[Collected data]

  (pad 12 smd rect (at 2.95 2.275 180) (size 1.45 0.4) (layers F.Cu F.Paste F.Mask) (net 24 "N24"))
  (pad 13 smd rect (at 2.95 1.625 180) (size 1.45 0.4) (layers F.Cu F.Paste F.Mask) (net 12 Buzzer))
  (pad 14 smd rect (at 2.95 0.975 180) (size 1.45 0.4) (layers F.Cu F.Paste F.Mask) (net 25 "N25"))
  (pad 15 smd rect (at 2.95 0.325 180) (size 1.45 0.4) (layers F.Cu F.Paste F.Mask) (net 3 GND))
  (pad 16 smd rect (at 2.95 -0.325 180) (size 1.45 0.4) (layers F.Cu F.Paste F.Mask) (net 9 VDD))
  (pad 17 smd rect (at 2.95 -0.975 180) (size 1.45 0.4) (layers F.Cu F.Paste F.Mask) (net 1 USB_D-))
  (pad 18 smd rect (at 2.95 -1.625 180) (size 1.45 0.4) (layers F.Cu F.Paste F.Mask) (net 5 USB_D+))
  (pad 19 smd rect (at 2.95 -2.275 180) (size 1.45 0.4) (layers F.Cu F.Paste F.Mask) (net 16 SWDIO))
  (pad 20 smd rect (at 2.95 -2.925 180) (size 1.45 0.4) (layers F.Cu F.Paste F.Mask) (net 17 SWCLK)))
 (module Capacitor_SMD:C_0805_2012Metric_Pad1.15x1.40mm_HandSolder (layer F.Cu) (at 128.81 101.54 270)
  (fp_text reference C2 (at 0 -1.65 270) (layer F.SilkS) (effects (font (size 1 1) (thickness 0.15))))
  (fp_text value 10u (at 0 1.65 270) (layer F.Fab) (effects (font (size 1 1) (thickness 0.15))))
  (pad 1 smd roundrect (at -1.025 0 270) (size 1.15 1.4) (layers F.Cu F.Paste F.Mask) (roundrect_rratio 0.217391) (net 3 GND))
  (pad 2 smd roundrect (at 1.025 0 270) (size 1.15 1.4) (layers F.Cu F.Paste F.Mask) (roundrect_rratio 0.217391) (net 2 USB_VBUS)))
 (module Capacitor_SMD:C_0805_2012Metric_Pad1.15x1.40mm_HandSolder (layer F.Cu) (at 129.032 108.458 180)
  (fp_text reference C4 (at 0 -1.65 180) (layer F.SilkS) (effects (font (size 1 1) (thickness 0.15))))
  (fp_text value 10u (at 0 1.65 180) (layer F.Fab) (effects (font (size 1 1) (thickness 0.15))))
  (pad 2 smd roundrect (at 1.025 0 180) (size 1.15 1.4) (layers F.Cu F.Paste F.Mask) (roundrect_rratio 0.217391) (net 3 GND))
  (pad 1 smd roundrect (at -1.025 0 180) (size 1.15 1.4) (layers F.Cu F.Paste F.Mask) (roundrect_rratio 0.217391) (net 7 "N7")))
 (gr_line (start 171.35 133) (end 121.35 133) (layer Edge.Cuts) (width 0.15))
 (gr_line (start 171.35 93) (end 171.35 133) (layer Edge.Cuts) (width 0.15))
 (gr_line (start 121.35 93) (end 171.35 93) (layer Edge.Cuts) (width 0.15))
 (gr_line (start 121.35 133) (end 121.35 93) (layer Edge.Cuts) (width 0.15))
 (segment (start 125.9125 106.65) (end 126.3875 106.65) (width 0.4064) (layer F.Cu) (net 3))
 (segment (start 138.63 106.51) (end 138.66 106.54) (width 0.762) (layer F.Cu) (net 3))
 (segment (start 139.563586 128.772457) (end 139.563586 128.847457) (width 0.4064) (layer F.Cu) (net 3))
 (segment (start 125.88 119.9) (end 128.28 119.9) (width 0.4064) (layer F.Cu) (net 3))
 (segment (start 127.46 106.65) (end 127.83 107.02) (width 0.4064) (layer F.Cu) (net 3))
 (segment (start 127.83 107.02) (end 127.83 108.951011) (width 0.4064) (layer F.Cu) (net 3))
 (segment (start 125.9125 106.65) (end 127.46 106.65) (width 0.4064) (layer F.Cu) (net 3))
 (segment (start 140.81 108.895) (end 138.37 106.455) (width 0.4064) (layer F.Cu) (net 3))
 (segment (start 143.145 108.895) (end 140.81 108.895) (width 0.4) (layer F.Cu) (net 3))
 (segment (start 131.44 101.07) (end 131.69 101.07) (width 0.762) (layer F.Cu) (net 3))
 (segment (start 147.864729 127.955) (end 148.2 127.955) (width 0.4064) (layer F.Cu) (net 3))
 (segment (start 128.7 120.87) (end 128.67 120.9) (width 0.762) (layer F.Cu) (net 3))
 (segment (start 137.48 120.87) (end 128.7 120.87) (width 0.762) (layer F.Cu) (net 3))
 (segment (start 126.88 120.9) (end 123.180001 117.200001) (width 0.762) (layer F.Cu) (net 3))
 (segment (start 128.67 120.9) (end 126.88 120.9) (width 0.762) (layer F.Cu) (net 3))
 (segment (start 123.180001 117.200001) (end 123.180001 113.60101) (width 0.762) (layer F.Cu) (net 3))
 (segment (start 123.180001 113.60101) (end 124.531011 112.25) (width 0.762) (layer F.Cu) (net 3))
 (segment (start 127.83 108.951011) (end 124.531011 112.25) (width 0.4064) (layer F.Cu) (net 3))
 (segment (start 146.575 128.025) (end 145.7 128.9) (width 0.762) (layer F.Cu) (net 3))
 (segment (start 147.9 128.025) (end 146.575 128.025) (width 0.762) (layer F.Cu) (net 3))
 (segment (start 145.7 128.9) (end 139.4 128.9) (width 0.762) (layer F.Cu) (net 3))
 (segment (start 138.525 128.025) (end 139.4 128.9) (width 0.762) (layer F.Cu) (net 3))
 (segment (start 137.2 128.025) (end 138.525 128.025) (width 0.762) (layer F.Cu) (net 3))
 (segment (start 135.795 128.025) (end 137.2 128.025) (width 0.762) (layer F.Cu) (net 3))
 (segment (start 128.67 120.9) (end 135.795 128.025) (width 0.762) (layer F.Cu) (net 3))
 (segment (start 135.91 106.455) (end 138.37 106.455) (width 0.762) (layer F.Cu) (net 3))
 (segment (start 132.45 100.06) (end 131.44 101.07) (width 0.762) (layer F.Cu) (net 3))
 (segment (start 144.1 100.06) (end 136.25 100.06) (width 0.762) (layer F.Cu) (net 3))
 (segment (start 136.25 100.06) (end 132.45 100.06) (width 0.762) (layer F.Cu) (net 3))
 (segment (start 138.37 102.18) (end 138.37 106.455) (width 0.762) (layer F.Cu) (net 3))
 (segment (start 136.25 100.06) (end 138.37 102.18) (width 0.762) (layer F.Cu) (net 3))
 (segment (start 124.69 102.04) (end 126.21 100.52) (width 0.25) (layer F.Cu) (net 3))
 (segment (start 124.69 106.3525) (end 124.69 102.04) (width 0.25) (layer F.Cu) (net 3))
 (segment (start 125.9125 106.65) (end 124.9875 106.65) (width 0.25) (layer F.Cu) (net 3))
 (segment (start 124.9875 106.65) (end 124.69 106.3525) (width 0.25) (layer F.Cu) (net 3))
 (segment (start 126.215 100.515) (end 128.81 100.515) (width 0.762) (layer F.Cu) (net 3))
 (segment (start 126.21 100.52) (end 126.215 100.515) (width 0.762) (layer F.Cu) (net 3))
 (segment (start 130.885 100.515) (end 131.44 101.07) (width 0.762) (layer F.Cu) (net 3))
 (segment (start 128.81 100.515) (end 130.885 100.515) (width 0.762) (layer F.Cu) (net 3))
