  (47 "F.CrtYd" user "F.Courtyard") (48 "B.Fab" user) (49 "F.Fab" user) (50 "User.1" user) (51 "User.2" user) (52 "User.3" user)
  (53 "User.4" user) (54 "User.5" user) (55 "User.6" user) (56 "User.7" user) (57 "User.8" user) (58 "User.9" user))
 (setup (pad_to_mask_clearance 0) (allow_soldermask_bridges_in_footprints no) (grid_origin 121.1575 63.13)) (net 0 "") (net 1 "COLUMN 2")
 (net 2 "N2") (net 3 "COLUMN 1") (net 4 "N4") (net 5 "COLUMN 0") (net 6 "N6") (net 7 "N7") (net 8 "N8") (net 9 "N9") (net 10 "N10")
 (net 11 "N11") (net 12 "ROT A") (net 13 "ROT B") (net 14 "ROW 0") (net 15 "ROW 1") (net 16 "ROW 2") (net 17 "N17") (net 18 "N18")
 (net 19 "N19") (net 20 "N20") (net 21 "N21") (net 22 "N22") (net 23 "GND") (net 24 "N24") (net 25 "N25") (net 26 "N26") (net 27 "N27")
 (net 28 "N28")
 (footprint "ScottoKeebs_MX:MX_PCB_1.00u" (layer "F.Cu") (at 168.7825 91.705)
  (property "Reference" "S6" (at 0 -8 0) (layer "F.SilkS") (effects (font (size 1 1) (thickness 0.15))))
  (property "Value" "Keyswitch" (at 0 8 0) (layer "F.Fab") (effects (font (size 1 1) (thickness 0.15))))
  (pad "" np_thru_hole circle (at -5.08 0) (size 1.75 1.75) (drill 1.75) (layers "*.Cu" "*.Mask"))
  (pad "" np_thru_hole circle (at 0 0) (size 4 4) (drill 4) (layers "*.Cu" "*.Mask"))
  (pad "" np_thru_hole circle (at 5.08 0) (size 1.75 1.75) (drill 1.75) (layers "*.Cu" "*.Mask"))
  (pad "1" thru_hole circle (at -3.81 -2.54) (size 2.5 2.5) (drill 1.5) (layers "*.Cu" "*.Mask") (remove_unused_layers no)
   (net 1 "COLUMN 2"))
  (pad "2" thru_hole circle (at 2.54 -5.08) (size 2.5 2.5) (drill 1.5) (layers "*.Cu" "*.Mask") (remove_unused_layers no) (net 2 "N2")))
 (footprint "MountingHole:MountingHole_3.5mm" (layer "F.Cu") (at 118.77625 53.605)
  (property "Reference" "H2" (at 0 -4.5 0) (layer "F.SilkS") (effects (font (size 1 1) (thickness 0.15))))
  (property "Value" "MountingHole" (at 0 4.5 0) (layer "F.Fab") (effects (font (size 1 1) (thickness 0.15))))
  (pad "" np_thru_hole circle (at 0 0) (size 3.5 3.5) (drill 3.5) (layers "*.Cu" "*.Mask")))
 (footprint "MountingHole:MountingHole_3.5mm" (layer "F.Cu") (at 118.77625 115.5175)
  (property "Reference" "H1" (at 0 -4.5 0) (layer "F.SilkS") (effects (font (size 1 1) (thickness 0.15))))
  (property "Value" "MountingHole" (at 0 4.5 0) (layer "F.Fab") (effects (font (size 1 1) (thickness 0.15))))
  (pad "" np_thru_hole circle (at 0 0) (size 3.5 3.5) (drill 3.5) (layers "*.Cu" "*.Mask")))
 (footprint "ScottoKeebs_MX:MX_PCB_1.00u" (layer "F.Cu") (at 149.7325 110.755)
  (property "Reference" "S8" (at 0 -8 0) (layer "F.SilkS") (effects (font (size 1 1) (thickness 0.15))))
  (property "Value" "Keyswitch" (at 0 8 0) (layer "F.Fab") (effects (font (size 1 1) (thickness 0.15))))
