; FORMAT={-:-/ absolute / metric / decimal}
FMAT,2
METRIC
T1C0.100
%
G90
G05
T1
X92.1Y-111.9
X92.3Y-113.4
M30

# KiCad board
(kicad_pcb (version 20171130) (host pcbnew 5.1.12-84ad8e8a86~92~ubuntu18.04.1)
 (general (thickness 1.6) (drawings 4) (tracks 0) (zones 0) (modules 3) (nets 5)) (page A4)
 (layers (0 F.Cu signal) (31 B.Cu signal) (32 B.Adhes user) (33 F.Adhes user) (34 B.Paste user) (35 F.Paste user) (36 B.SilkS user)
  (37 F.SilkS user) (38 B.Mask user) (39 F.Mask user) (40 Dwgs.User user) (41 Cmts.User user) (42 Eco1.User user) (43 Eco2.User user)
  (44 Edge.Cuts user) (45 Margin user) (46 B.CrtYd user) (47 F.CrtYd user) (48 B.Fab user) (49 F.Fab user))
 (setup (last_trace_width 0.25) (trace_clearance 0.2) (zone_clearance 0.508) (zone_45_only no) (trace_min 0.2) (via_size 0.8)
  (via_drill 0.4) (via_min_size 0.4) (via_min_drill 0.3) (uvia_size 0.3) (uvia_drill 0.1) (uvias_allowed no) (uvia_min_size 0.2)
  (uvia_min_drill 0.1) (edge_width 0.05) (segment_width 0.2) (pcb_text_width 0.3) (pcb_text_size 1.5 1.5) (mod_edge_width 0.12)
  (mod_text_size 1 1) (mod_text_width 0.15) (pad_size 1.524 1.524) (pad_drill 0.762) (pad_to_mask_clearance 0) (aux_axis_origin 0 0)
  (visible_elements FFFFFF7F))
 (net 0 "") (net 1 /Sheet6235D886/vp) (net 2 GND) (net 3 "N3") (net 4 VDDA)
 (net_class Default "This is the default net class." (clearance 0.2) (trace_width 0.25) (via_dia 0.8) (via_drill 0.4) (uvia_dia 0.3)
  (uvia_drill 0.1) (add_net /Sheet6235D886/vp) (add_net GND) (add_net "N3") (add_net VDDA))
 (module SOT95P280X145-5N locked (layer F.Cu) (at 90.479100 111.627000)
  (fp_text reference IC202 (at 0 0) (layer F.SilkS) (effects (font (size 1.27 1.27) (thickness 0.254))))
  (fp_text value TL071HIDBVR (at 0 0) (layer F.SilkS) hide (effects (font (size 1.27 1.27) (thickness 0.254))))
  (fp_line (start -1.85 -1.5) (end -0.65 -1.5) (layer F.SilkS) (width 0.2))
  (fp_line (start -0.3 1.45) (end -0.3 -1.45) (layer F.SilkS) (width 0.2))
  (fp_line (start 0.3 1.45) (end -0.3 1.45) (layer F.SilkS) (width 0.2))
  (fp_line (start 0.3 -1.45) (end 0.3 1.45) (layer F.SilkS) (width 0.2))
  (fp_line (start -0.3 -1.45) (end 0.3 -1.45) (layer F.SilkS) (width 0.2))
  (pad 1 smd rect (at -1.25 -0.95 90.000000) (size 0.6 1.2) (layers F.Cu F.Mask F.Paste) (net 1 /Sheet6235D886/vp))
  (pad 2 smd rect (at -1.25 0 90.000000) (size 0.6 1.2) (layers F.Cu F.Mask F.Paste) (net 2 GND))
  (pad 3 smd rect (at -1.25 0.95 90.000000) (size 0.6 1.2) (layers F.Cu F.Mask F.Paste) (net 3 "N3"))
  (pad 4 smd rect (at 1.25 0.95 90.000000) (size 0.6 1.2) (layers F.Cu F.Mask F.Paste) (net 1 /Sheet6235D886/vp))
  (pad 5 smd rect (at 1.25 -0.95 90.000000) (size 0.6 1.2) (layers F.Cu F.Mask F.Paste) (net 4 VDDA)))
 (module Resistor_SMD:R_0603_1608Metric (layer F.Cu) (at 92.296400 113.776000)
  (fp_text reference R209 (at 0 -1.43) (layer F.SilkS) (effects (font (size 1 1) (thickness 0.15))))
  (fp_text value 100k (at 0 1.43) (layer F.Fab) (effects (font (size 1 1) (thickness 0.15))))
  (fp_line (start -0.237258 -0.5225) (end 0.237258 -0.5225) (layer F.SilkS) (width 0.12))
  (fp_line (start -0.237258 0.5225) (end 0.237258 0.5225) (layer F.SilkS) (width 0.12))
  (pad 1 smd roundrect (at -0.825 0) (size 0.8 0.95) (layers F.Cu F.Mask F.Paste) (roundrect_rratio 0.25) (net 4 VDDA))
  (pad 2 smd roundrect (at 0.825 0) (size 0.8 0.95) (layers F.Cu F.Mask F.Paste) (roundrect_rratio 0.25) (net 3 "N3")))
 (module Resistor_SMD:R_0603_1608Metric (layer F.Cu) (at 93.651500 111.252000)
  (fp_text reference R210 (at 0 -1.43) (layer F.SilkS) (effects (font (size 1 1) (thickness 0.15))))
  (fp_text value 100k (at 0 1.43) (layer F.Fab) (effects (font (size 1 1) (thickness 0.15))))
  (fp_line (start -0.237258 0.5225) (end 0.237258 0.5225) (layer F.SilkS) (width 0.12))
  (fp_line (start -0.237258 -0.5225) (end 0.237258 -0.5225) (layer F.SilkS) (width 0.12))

## Activity
Every line from the line containing "(segment (start 138.525" through the line containing "(segment (start 132.45" in the records above must be retyped exactly. Leave out the rest.

## Solution for this problem
 (segment (start 138.525 128.025) (end 139.4 128.9) (width 0.762) (layer F.Cu) (net 3))
 (segment (start 137.2 128.025) (end 138.525 128.025) (width 0.762) (layer F.Cu) (net 3))
 (segment (start 135.795 128.025) (end 137.2 128.025) (width 0.762) (layer F.Cu) (net 3))
 (segment (start 128.67 120.9) (end 135.795 128.025) (width 0.762) (layer F.Cu) (net 3))
 (segment (start 135.91 106.455) (end 138.37 106.455) (width 0.762) (layer F.Cu) (net 3))
 (segment (start 132.45 100.06) (end 131.44 101.07) (width 0.762) (layer F.Cu) (net 3))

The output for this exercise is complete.